Valley of the Dolls by Jacqueline Susann
530 pages
Genre: Fiction
Publisher: Grove Press, 1966
Rating: 4 out of 5
Re-readability: I would reread it in a few years.
By Indiana
I thought this novel would be stale—it was written in the 1960s and it’s the first book that was frank about sex and drugs.
Instead, it was stunning.
It starts out with Ann, a small-town, all-American, moral girl leaving her hometown behind for New York City. She falls into the world of modeling, theater, and catches the eyes of men in the upper echelon. Along the way, she befriends two actresses and struggles between finding love and being realistic.
The two actresses eventually become addicted to the “dolls,” or drugs, that they first used just to get some sleep. While her friends are becoming addicted to drugs, Ann goes back and forth between being in love and being loyal. The only man she’s ever really loved has strange conditions to be with him and the man who she feels loyal to has never stirred anything up in her.
There’s no shortage of affairs and honest talk about the nature of sex. It’s a realistic portrait of how sex is viewed by both men and women, which was probably refreshing and fascinating when it was first published.
Does the Valley of the Dolls storyline sound familiar?
Susann’s novel seems to have started an entire genre of fiction. Some might call it “chick lit,” but I would argue that the impact of her work is greater than that. The Devil Wears Prada, shares the same foundational storyline: the wholesome girl leaves her safe hometown, gets lost in the face-paced, glamorous city, has her morals tested, and she gets mixed up in a few different loves.

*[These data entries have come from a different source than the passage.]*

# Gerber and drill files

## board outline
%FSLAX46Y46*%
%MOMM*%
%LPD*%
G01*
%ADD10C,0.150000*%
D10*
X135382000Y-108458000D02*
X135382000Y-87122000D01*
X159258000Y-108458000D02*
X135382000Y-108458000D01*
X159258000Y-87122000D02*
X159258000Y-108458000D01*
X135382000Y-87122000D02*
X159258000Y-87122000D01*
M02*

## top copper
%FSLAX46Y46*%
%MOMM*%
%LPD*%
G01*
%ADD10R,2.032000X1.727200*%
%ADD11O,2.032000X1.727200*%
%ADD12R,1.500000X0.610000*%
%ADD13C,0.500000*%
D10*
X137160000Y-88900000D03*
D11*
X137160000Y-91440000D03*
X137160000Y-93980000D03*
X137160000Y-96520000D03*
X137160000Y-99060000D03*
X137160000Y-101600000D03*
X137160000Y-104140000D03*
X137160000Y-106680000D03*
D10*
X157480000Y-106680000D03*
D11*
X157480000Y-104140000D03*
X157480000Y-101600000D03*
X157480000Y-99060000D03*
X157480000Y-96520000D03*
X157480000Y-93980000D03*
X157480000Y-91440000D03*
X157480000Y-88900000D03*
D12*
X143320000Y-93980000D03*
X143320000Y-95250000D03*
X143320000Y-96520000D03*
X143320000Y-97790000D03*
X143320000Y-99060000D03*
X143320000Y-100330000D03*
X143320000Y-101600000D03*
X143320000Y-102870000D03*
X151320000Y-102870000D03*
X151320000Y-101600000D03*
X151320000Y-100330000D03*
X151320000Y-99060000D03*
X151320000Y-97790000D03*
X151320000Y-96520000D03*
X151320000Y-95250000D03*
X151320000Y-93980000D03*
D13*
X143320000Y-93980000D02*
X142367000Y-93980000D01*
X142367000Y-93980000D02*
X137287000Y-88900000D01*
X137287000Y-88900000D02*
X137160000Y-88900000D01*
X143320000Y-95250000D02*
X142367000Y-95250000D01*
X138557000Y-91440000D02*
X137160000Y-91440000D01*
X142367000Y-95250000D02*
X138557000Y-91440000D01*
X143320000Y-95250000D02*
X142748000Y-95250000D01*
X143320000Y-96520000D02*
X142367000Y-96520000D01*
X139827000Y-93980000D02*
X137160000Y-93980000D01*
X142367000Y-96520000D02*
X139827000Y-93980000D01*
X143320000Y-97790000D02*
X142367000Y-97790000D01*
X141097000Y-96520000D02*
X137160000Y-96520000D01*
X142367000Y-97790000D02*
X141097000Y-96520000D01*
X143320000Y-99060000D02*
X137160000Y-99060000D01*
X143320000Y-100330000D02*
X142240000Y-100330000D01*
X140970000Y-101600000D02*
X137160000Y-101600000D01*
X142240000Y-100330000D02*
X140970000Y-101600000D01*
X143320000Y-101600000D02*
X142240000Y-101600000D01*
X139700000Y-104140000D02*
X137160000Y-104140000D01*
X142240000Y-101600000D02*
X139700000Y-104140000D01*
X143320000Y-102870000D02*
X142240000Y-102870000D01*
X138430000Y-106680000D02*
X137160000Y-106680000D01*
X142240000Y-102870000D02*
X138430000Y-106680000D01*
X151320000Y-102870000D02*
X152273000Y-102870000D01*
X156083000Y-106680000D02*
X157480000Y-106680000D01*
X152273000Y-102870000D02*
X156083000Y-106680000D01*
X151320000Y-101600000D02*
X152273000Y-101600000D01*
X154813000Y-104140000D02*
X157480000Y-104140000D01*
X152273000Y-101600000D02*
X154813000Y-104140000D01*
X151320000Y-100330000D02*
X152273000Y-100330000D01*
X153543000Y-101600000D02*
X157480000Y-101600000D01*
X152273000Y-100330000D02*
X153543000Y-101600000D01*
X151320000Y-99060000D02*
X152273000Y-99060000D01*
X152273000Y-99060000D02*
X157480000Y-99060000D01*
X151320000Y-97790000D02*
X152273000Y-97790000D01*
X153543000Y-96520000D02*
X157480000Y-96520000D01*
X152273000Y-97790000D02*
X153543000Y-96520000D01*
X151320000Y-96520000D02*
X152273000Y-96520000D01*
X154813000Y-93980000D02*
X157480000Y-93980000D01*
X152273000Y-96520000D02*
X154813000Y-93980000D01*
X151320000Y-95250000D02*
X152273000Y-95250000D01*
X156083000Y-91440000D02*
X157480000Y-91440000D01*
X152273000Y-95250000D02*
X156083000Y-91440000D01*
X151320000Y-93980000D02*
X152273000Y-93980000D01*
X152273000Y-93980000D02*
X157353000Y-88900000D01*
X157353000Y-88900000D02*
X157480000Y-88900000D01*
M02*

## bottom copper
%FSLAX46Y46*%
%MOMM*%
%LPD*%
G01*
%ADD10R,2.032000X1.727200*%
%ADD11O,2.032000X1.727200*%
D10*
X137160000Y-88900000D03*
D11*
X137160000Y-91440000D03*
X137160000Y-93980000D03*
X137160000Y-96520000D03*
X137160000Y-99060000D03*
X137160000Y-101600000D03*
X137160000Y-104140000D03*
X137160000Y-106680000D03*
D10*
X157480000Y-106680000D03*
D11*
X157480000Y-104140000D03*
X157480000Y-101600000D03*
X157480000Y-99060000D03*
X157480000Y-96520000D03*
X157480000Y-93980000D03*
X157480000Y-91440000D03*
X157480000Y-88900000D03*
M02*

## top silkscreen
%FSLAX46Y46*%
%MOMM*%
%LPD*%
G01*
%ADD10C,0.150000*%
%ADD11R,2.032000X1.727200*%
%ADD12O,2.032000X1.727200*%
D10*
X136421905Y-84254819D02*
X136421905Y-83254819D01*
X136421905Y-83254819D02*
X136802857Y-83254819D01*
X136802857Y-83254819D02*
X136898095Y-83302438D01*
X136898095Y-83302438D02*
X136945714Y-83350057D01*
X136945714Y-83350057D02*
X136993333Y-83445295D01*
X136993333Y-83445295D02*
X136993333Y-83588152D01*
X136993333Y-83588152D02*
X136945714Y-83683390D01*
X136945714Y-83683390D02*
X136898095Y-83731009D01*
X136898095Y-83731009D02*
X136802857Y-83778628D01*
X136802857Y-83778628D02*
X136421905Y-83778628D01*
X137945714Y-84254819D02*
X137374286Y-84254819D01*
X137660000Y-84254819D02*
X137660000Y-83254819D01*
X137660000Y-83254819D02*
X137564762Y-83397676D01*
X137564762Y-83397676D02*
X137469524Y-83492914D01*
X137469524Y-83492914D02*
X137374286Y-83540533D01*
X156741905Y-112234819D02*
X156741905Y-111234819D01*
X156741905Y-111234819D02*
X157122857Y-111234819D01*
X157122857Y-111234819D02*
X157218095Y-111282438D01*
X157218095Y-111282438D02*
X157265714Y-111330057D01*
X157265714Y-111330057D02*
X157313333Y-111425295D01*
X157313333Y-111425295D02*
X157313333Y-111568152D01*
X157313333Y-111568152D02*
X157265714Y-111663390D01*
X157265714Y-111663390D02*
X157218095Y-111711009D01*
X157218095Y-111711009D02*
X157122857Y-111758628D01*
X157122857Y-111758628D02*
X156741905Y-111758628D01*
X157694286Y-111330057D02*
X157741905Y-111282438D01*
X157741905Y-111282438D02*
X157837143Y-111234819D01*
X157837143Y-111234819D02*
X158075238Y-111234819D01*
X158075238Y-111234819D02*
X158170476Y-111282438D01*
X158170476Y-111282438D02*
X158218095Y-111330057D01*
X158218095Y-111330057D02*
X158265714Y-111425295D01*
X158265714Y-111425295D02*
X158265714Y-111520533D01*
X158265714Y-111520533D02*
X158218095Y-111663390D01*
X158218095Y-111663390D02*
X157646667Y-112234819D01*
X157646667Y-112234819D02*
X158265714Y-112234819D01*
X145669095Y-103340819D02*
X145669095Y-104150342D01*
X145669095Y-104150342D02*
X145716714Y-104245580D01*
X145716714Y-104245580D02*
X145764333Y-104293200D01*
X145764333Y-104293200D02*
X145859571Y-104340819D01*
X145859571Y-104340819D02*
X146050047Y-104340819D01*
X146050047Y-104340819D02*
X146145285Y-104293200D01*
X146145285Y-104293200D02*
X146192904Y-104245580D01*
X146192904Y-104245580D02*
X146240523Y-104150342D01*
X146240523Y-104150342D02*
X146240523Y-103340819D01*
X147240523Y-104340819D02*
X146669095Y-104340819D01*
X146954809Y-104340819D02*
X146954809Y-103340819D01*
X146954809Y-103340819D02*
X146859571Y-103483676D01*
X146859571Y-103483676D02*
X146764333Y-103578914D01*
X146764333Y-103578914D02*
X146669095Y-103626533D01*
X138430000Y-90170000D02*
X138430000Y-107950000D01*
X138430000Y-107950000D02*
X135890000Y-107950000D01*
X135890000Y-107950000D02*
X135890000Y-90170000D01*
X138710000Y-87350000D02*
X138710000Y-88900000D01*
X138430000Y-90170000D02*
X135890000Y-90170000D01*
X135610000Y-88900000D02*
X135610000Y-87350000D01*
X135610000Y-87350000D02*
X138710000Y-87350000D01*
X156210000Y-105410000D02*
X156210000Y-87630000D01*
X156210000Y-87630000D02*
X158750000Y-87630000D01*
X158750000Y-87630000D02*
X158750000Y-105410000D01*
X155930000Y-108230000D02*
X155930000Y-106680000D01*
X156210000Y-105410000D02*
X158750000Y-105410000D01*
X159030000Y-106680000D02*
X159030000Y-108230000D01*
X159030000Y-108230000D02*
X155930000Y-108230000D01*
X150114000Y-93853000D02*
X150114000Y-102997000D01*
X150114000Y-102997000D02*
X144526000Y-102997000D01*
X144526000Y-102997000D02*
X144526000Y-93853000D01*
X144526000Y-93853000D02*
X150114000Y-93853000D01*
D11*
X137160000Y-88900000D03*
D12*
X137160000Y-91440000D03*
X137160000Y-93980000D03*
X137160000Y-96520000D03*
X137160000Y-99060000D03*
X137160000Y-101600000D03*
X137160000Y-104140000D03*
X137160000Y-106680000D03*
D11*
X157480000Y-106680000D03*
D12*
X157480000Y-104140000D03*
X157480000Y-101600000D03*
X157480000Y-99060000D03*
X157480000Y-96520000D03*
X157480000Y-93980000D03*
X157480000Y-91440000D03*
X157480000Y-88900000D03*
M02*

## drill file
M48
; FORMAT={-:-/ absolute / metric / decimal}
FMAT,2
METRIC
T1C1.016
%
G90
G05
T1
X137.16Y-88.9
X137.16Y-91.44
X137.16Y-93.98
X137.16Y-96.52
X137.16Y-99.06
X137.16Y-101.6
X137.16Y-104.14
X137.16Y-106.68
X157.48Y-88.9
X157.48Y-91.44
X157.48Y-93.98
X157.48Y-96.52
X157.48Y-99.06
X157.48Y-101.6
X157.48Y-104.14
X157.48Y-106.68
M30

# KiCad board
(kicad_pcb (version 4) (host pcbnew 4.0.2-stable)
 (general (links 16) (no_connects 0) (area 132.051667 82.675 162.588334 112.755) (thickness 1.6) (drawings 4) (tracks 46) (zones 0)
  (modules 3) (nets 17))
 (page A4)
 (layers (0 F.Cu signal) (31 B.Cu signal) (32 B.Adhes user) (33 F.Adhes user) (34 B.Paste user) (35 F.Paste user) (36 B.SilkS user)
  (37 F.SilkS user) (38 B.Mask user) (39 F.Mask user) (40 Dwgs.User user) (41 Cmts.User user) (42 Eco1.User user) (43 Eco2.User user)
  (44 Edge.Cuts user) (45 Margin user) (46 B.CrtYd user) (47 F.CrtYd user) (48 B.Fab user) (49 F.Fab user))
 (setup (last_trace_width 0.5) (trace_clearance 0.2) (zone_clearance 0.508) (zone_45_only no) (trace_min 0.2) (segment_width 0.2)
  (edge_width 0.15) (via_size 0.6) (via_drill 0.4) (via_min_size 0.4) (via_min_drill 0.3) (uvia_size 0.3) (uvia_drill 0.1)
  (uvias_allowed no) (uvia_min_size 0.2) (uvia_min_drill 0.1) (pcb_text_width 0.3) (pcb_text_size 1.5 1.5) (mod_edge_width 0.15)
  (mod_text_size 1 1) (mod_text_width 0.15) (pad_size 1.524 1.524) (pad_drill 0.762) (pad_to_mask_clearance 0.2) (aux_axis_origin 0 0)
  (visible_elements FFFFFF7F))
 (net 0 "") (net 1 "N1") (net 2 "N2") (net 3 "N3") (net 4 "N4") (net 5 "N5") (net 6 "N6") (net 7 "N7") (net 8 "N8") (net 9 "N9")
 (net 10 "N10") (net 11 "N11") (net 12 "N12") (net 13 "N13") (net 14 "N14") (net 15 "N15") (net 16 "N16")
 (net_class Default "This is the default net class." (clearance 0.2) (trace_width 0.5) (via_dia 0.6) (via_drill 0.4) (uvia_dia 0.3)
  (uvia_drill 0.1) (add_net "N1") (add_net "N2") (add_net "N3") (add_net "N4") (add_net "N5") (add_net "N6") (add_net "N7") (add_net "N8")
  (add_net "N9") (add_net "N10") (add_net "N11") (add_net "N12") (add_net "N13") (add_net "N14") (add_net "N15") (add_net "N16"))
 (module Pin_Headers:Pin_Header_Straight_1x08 (layer F.Cu) (at 137.16 88.9)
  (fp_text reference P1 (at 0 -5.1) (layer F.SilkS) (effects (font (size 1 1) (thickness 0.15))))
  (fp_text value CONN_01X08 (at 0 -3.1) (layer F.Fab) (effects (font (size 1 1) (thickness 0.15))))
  (fp_line (start 1.27 1.27) (end 1.27 19.05) (layer F.SilkS) (width 0.15))
  (fp_line (start 1.27 19.05) (end -1.27 19.05) (layer F.SilkS) (width 0.15))
  (fp_line (start -1.27 19.05) (end -1.27 1.27) (layer F.SilkS) (width 0.15))
  (fp_line (start 1.55 -1.55) (end 1.55 0) (layer F.SilkS) (width 0.15))
  (fp_line (start 1.27 1.27) (end -1.27 1.27) (layer F.SilkS) (width 0.15))
  (fp_line (start -1.55 0) (end -1.55 -1.55) (layer F.SilkS) (width 0.15))
  (fp_line (start -1.55 -1.55) (end 1.55 -1.55) (layer F.SilkS) (width 0.15))
  (pad 1 thru_hole rect (at 0 0) (size 2.032 1.7272) (drill 1.016) (layers *.Cu *.Mask F.SilkS) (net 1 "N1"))
  (pad 2 thru_hole oval (at 0 2.54) (size 2.032 1.7272) (drill 1.016) (layers *.Cu *.Mask F.SilkS) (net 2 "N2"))
  (pad 3 thru_hole oval (at 0 5.08) (size 2.032 1.7272) (drill 1.016) (layers *.Cu *.Mask F.SilkS) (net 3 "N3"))
  (pad 4 thru_hole oval (at 0 7.62) (size 2.032 1.7272) (drill 1.016) (layers *.Cu *.Mask F.SilkS) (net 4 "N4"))
  (pad 5 thru_hole oval (at 0 10.16) (size 2.032 1.7272) (drill 1.016) (layers *.Cu *.Mask F.SilkS) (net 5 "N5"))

Like I said, I thought Valley of the Dolls would be stale to me. But Susann delivers an exciting, heartbreaking, and honest story. Lyon, Ann’s true romantic interest, sums up this sentiment of losing oneself aptly: “There are many Henrys who are married and who wind up on top alone. They have to be alone, because they’ve alienated everyone along the way. In this rat race you whore, lie, cheat and use every trick you can employ to get up there where Henry is. This business demands it. And that’s what I’m ranting against. Not Henry personally, but what everyone turns into if he sticks in it long enough.”
Reading through the two decades that the book spans, I became close to the characters in a way that’s rare for me. There is something about the way that they describe each other that made me feel like I knew them, or I’d met them all before. Susann’s writing is always blunt (“There is no such thing as love, the way you talk about it. You’ll only find that kind of love in cheap movies and novels. Love is companionship, having friends in common, the same interests. Sex is the connotation you’re placing on love, and let me tell you, young lady, that if and when it does exist, it dies very quickly after marriage”‘), but that’s what make it gripping.
This book doesn’t really slow down, so just hold on from the first page to the very last.